TRY IT
The expected answer holds every line from the first line of the data below through the line containing "X107921961Y-154120475D02*", exactly as written, and no other line.

RECORDED INFORMATION
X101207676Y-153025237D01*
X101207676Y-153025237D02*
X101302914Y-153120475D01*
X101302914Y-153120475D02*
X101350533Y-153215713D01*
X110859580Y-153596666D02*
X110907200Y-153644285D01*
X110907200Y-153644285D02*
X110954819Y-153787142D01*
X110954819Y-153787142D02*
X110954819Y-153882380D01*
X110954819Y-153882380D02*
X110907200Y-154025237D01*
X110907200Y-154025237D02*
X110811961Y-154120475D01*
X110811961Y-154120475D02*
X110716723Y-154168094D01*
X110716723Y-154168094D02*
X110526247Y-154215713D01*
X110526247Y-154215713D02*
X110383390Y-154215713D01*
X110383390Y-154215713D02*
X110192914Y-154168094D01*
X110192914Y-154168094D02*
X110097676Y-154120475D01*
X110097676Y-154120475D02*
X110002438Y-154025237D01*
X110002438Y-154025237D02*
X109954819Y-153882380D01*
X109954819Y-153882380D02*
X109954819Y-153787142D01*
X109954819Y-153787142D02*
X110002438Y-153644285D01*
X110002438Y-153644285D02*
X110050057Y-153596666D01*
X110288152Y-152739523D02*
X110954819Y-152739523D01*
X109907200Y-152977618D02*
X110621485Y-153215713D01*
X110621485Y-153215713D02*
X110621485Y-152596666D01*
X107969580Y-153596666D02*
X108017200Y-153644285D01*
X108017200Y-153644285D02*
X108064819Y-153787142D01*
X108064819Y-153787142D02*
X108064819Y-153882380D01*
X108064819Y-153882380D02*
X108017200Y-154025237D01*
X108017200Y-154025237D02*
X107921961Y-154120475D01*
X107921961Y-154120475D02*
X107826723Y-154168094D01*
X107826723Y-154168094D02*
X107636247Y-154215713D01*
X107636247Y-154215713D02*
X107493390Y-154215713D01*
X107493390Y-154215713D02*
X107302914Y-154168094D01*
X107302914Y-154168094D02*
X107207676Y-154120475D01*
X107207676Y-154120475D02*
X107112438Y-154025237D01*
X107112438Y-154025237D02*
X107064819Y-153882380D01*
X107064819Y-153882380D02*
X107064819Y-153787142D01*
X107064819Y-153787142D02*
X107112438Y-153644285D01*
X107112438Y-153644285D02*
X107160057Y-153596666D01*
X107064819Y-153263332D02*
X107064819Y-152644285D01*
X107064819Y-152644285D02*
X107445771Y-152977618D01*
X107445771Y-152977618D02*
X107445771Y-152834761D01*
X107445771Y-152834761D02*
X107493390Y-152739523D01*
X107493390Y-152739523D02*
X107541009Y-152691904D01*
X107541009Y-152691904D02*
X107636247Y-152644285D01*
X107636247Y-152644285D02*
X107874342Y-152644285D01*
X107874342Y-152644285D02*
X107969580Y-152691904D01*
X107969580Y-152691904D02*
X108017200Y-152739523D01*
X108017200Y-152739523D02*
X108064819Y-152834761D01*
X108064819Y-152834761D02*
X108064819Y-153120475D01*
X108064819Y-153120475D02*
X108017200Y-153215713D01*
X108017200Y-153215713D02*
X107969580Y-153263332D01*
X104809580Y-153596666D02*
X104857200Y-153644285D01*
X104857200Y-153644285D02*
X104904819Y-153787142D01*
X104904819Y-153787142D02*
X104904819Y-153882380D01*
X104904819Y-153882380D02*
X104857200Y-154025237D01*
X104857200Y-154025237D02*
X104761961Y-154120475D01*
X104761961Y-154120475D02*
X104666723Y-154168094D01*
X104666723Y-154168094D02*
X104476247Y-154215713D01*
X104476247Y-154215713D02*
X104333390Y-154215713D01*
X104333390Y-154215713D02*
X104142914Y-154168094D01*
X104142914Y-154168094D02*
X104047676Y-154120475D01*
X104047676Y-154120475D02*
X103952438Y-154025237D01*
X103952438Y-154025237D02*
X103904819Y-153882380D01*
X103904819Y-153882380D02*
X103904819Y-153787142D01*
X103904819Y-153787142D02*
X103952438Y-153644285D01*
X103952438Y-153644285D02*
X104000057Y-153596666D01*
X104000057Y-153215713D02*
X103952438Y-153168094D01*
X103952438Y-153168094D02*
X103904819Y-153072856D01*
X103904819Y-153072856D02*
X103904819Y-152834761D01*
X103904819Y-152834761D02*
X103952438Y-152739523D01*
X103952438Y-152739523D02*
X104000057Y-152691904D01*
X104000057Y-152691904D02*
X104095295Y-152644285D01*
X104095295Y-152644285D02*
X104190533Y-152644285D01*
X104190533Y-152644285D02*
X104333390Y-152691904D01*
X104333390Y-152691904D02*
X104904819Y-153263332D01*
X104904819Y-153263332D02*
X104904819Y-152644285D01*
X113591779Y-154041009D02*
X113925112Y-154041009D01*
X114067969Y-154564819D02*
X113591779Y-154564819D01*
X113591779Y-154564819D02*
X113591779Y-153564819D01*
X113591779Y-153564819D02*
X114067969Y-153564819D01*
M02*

WRITTEN RESPONSE
X101207676Y-153025237D01*
X101207676Y-153025237D02*
X101302914Y-153120475D01*
X101302914Y-153120475D02*
X101350533Y-153215713D01*
X110859580Y-153596666D02*
X110907200Y-153644285D01*
X110907200Y-153644285D02*
X110954819Y-153787142D01*
X110954819Y-153787142D02*
X110954819Y-153882380D01*
X110954819Y-153882380D02*
X110907200Y-154025237D01*
X110907200Y-154025237D02*
X110811961Y-154120475D01*
X110811961Y-154120475D02*
X110716723Y-154168094D01*
X110716723Y-154168094D02*
X110526247Y-154215713D01*
X110526247Y-154215713D02*
X110383390Y-154215713D01*
X110383390Y-154215713D02*
X110192914Y-154168094D01*
X110192914Y-154168094D02*
X110097676Y-154120475D01*
X110097676Y-154120475D02*
X110002438Y-154025237D01*
X110002438Y-154025237D02*
X109954819Y-153882380D01*
X109954819Y-153882380D02*
X109954819Y-153787142D01*
X109954819Y-153787142D02*
X110002438Y-153644285D01*
X110002438Y-153644285D02*
X110050057Y-153596666D01*
X110288152Y-152739523D02*
X110954819Y-152739523D01*
X109907200Y-152977618D02*
X110621485Y-153215713D01*
X110621485Y-153215713D02*
X110621485Y-152596666D01*
X107969580Y-153596666D02*
X108017200Y-153644285D01*
X108017200Y-153644285D02*
X108064819Y-153787142D01*
X108064819Y-153787142D02*
X108064819Y-153882380D01*
X108064819Y-153882380D02*
X108017200Y-154025237D01*
X108017200Y-154025237D02*
X107921961Y-154120475D01*
X107921961Y-154120475D02*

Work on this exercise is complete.